- **Task requirements**: Copy all the lines of the data that include the word "CrtYd".

- **Input for this task**:
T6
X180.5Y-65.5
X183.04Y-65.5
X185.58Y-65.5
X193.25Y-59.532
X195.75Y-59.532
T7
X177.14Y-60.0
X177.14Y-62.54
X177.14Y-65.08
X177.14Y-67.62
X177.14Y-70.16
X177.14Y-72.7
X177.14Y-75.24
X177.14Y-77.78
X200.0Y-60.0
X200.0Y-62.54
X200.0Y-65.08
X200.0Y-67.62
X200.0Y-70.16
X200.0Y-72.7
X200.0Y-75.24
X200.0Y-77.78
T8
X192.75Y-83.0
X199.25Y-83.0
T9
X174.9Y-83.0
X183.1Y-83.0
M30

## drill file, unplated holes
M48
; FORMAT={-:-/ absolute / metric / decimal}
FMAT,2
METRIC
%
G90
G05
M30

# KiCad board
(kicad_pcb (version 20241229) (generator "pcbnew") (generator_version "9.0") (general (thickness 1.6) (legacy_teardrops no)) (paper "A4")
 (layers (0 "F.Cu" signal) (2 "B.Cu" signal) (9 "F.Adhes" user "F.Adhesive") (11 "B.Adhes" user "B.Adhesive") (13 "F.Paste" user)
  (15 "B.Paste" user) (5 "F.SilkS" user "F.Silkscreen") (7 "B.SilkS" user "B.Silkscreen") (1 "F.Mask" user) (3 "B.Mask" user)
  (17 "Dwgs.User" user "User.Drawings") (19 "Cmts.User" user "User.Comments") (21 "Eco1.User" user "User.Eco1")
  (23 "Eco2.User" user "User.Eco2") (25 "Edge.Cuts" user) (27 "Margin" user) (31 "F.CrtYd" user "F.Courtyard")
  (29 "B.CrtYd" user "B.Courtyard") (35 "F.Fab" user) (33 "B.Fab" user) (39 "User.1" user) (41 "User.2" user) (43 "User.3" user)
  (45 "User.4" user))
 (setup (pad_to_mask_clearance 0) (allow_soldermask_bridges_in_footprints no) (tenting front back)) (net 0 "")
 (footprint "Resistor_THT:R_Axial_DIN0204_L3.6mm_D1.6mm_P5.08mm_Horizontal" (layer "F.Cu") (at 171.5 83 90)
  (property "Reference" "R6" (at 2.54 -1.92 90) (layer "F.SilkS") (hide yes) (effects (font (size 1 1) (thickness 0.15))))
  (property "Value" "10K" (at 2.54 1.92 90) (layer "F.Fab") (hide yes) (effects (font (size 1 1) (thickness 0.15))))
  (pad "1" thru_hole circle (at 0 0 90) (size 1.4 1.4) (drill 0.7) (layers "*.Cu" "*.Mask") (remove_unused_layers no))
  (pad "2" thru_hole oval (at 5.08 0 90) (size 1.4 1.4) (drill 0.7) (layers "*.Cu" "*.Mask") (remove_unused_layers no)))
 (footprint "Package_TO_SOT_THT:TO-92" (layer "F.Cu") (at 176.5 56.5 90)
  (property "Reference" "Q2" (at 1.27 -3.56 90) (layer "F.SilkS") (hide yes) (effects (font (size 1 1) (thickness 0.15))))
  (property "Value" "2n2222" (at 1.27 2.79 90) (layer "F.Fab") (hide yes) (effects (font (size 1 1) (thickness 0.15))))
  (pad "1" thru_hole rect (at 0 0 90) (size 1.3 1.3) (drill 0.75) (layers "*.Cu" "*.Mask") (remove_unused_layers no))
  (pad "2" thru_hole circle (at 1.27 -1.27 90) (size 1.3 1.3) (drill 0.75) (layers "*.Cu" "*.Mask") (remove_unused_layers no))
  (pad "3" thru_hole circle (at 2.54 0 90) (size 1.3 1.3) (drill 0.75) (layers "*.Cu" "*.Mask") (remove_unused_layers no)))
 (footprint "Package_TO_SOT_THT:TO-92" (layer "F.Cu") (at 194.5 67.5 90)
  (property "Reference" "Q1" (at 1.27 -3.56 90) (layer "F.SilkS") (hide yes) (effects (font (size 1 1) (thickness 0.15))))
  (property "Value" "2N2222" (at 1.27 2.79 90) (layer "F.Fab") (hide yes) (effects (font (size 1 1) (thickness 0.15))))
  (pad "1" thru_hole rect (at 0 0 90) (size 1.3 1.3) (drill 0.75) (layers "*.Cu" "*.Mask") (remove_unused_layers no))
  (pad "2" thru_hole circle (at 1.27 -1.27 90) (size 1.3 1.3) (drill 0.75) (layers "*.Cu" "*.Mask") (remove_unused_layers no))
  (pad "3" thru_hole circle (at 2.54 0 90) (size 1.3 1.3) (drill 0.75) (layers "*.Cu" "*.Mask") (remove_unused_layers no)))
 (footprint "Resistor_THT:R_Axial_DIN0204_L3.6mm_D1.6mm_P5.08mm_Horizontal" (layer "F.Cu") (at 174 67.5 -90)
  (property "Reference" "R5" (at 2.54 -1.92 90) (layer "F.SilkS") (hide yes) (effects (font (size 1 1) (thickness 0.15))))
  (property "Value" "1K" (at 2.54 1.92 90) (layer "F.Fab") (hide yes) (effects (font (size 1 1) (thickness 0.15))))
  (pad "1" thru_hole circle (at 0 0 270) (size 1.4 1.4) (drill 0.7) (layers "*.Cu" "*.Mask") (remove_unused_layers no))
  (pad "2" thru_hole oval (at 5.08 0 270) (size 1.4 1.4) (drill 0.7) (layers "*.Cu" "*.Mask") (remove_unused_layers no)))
---
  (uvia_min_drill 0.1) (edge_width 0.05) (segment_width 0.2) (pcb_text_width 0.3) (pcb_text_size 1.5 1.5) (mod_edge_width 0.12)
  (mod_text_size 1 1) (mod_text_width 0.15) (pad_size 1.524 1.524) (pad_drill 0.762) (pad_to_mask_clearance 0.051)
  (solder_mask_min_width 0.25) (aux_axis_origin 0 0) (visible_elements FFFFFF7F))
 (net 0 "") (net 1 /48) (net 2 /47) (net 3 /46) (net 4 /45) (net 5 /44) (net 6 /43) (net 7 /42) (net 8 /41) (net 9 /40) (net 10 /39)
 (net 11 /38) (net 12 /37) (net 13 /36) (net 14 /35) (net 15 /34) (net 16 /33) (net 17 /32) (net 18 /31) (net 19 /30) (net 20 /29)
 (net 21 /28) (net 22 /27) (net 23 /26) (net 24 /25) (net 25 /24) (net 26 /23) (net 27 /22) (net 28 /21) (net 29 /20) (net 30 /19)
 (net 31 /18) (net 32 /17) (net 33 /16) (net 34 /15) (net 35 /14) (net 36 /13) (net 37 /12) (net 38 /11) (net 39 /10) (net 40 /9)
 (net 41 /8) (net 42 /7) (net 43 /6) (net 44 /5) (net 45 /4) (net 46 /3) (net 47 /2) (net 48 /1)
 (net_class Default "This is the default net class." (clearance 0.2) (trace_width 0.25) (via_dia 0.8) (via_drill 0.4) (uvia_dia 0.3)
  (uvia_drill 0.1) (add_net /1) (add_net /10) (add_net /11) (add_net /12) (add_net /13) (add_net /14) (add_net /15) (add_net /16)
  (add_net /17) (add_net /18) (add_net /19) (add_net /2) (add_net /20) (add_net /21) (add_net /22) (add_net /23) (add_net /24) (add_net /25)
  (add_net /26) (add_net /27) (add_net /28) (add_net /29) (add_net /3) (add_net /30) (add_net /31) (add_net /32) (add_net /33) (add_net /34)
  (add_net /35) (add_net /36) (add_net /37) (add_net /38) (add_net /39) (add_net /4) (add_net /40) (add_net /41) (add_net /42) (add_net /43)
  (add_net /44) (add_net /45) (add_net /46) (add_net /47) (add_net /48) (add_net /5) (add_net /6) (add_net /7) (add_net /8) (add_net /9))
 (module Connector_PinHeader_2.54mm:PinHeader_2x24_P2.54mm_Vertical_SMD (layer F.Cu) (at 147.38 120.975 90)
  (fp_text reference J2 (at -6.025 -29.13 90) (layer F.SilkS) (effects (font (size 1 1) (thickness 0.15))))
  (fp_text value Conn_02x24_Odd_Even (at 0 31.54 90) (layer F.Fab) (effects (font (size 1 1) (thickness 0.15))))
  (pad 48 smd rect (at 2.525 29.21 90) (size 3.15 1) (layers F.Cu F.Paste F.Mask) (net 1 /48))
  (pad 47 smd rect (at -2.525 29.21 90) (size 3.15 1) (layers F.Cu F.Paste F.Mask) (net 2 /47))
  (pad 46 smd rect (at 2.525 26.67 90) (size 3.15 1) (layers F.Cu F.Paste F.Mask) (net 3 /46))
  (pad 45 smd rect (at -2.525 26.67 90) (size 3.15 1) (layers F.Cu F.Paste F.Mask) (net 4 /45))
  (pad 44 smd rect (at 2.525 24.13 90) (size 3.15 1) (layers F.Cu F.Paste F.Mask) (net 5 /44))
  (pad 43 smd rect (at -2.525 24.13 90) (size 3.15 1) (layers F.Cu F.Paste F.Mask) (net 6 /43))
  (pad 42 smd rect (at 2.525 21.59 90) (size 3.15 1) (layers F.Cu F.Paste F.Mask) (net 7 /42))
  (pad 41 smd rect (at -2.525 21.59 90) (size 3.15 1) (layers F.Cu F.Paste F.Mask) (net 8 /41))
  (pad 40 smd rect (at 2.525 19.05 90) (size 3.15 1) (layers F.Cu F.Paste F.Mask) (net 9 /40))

- **Task result**:
  (23 "Eco2.User" user "User.Eco2") (25 "Edge.Cuts" user) (27 "Margin" user) (31 "F.CrtYd" user "F.Courtyard")
  (29 "B.CrtYd" user "B.Courtyard") (35 "F.Fab" user) (33 "B.Fab" user) (39 "User.1" user) (41 "User.2" user) (43 "User.3" user)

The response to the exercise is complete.